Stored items
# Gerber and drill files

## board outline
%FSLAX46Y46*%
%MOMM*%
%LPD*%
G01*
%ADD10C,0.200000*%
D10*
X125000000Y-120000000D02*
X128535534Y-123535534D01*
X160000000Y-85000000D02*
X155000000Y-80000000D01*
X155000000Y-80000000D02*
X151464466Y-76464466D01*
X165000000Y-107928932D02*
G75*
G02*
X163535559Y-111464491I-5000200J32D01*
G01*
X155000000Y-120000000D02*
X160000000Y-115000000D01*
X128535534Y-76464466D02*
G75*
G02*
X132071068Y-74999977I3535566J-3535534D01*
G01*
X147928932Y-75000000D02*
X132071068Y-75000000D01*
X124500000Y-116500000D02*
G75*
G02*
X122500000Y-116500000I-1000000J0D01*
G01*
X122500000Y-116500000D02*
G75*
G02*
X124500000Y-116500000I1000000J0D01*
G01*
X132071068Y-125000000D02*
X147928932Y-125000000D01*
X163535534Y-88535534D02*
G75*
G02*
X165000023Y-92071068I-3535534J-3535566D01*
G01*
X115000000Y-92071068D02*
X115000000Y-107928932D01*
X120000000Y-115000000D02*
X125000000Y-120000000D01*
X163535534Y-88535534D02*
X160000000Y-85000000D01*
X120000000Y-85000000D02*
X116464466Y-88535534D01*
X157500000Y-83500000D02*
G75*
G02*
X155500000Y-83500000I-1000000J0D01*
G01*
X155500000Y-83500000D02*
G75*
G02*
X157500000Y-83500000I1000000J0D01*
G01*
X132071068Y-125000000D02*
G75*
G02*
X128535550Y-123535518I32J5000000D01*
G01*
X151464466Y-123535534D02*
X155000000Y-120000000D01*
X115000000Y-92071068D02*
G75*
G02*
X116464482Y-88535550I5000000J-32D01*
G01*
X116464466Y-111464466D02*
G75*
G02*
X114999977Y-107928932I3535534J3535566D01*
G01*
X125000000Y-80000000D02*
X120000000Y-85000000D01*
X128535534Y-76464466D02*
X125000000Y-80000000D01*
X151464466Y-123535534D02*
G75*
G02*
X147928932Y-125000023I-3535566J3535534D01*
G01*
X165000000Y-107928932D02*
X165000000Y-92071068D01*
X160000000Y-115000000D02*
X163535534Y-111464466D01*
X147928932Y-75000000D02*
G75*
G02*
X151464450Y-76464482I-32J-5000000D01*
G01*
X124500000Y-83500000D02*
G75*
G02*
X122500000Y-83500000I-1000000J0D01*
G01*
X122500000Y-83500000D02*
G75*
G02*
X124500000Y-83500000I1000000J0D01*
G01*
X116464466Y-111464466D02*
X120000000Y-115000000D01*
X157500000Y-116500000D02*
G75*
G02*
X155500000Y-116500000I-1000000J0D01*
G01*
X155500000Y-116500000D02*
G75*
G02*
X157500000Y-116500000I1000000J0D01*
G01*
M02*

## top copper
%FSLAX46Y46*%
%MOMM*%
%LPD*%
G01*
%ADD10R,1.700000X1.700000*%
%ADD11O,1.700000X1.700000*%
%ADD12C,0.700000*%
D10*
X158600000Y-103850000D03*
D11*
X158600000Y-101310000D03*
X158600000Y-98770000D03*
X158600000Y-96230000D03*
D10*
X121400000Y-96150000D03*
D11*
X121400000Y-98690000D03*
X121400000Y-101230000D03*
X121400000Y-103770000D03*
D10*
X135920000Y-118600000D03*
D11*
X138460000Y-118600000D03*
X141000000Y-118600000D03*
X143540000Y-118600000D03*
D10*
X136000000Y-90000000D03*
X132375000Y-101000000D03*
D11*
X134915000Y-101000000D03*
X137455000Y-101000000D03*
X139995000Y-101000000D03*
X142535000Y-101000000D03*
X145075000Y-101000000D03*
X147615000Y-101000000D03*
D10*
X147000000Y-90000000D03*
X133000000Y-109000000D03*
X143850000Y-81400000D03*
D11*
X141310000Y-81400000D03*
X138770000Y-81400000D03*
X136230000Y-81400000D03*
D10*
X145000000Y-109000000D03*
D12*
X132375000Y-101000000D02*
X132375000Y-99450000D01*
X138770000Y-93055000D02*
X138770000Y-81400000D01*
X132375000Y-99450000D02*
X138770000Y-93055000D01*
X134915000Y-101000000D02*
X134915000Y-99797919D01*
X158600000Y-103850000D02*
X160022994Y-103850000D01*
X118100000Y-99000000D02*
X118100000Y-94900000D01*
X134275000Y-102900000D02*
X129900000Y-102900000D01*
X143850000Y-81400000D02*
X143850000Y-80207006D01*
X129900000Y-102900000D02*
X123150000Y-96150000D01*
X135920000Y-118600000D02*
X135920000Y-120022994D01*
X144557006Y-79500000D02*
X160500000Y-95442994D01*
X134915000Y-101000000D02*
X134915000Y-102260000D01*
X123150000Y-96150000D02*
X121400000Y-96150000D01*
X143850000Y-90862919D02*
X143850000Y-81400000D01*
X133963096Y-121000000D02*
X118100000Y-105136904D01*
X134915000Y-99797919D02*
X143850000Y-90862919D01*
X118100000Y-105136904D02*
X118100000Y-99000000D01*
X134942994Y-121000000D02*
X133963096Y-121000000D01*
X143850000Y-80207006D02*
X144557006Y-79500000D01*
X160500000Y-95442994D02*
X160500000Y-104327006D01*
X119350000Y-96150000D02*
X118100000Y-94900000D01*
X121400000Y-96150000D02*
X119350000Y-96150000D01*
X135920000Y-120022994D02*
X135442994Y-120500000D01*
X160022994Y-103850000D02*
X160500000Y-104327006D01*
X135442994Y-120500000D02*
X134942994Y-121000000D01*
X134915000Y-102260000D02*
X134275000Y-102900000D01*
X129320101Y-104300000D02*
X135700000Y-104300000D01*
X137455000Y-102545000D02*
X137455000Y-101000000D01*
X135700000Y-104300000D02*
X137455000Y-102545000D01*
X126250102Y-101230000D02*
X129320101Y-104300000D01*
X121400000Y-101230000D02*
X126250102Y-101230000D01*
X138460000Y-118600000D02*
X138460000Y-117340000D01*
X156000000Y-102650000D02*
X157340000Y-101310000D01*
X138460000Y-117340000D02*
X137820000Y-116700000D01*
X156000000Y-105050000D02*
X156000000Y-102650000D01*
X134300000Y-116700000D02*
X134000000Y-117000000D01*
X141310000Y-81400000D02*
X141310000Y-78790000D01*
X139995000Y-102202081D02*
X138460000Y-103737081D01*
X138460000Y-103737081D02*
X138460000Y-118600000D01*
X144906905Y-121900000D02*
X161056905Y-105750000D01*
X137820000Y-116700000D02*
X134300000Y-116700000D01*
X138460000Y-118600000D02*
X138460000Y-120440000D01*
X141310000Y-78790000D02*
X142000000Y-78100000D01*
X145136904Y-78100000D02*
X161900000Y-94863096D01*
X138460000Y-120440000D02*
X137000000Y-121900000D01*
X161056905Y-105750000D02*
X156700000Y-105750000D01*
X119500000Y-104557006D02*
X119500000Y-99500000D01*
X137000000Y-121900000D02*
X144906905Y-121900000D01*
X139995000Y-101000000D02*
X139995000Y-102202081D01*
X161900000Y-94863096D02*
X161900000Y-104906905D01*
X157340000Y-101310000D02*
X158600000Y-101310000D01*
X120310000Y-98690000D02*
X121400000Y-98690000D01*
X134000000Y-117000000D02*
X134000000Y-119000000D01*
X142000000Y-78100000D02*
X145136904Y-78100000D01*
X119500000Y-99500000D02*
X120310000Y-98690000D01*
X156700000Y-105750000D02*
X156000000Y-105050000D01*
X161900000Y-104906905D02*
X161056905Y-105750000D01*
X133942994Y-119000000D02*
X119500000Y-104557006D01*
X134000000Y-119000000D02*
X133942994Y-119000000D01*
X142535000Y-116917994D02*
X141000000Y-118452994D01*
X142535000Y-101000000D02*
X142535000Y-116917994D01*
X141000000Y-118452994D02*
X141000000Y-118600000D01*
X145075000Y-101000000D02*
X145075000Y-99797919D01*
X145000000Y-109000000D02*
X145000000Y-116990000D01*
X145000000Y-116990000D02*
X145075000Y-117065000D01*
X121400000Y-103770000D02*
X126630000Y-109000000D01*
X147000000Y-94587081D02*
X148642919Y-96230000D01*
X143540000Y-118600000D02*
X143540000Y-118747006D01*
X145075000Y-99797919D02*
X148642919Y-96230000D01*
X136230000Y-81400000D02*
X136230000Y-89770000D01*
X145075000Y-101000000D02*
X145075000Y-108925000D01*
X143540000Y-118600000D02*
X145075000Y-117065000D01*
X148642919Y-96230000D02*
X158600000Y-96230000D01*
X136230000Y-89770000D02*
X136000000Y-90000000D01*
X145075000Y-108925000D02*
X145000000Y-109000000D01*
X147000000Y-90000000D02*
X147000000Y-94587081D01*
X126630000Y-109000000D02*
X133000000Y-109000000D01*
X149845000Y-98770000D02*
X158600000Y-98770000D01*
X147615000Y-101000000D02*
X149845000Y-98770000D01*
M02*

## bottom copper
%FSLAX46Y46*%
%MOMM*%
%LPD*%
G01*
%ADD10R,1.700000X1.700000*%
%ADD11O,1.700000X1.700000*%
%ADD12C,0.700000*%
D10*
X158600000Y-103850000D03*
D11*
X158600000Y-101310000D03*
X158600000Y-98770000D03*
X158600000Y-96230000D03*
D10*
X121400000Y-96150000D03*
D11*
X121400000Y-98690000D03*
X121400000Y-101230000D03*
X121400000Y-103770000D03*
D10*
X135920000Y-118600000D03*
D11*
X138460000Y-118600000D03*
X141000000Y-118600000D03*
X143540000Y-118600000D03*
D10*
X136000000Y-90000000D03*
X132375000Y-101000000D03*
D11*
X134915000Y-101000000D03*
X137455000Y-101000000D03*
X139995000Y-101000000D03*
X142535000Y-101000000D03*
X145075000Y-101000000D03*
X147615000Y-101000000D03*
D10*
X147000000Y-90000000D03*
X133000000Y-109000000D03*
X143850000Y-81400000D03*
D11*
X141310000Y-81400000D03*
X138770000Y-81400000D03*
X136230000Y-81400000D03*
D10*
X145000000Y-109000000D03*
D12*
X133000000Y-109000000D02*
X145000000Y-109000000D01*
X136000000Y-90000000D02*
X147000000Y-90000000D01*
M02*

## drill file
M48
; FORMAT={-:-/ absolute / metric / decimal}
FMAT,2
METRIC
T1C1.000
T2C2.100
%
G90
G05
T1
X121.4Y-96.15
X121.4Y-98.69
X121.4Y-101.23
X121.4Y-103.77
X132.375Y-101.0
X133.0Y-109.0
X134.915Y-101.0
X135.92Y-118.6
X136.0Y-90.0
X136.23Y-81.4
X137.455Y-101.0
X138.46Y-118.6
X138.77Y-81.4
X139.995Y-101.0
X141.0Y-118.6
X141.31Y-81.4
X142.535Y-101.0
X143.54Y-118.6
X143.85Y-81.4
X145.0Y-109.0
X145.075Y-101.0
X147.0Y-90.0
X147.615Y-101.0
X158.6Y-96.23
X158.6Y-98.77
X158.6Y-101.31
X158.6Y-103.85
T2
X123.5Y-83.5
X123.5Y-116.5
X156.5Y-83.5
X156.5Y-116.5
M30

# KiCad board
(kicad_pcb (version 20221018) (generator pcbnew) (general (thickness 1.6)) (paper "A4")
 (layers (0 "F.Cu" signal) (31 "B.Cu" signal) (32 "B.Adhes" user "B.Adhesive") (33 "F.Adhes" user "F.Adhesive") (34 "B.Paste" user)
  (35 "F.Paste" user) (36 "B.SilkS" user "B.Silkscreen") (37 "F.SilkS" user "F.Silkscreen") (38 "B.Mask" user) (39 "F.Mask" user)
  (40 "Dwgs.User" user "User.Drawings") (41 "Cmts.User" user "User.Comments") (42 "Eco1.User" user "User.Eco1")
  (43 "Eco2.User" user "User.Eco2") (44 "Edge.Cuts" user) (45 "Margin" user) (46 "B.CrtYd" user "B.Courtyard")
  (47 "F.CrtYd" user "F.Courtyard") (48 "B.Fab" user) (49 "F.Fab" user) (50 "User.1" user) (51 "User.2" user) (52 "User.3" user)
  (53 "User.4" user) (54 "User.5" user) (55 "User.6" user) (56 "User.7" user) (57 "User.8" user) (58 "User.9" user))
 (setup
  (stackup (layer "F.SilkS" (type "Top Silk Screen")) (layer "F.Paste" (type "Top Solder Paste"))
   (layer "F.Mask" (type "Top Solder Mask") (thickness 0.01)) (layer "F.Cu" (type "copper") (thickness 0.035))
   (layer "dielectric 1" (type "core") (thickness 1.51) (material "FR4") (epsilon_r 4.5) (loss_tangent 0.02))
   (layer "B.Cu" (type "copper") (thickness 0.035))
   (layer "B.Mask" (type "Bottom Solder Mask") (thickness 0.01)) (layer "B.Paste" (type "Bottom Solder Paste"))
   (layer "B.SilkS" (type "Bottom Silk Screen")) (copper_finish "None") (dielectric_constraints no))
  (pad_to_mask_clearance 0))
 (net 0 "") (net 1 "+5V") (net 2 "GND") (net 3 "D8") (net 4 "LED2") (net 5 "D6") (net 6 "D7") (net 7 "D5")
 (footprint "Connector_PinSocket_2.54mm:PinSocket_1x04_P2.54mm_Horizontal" (layer "F.Cu") (at 158.6 103.85 180)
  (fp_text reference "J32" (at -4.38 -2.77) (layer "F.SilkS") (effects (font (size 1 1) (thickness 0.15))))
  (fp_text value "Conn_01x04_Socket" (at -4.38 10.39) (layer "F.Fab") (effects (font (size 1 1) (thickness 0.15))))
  (pad "1" thru_hole rect (at 0 0 180) (size 1.7 1.7) (drill 1) (layers "*.Cu" "*.Mask") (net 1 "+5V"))
  (pad "2" thru_hole oval (at 0 2.54 180) (size 1.7 1.7) (drill 1) (layers "*.Cu" "*.Mask") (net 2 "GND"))
  (pad "3" thru_hole oval (at 0 5.08 180) (size 1.7 1.7) (drill 1) (layers "*.Cu" "*.Mask") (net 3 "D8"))
  (pad "4" thru_hole oval (at 0 7.62 180) (size 1.7 1.7) (drill 1) (layers "*.Cu" "*.Mask") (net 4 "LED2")))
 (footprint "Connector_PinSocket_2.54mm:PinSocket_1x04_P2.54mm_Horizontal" (layer "F.Cu") (at 121.4 96.15)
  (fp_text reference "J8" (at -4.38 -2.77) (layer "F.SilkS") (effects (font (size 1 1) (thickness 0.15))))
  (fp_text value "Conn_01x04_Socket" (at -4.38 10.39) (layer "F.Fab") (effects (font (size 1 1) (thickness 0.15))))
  (pad "1" thru_hole rect (at 0 0) (size 1.7 1.7) (drill 1) (layers "*.Cu" "*.Mask") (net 1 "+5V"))
  (pad "2" thru_hole oval (at 0 2.54) (size 1.7 1.7) (drill 1) (layers "*.Cu" "*.Mask") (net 2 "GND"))
  (pad "3" thru_hole oval (at 0 5.08) (size 1.7 1.7) (drill 1) (layers "*.Cu" "*.Mask") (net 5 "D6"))
  (pad "4" thru_hole oval (at 0 7.62) (size 1.7 1.7) (drill 1) (layers "*.Cu" "*.Mask") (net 4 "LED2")))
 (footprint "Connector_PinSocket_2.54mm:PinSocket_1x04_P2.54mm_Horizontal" (layer "F.Cu") (at 135.92 118.6 90)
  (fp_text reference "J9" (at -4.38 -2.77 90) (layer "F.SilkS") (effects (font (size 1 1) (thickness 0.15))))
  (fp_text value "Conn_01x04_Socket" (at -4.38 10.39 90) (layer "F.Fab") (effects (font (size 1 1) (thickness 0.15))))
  (pad "1" thru_hole rect (at 0 0 90) (size 1.7 1.7) (drill 1) (layers "*.Cu" "*.Mask") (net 1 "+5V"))
  (pad "2" thru_hole oval (at 0 2.54 90) (size 1.7 1.7) (drill 1) (layers "*.Cu" "*.Mask") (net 2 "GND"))
  (pad "3" thru_hole oval (at 0 5.08 90) (size 1.7 1.7) (drill 1) (layers "*.Cu" "*.Mask") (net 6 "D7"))
  (pad "4" thru_hole oval (at 0 7.62 90) (size 1.7 1.7) (drill 1) (layers "*.Cu" "*.Mask") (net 4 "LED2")))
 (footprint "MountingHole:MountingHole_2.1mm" (layer "F.Cu") (at 123.5 83.5)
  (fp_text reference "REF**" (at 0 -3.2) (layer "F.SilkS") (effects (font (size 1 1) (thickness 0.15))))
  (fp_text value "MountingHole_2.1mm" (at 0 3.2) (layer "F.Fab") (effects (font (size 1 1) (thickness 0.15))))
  (pad "" np_thru_hole circle (at 0 0) (size 2.1 2.1) (drill 2.1) (layers "*.Cu" "*.Mask")))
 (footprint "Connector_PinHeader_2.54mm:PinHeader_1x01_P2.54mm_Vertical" (layer "F.Cu") (at 136 90)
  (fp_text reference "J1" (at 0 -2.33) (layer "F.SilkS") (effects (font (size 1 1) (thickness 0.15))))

▸ Aim of the exercise: Only the lines that contain the string "type" should be copied from the entries above.

▸ Response area:
  (stackup (layer "F.SilkS" (type "Top Silk Screen")) (layer "F.Paste" (type "Top Solder Paste"))
   (layer "F.Mask" (type "Top Solder Mask") (thickness 0.01)) (layer "F.Cu" (type "copper") (thickness 0.035))
   (layer "dielectric 1" (type "core") (thickness 1.51) (material "FR4") (epsilon_r 4.5) (loss_tangent 0.02))
   (layer "B.Cu" (type "copper") (thickness 0.035))
   (layer "B.Mask" (type "Bottom Solder Mask") (thickness 0.01)) (layer "B.Paste" (type "Bottom Solder Paste"))
   (layer "B.SilkS" (type "Bottom Silk Screen")) (copper_finish "None") (dielectric_constraints no))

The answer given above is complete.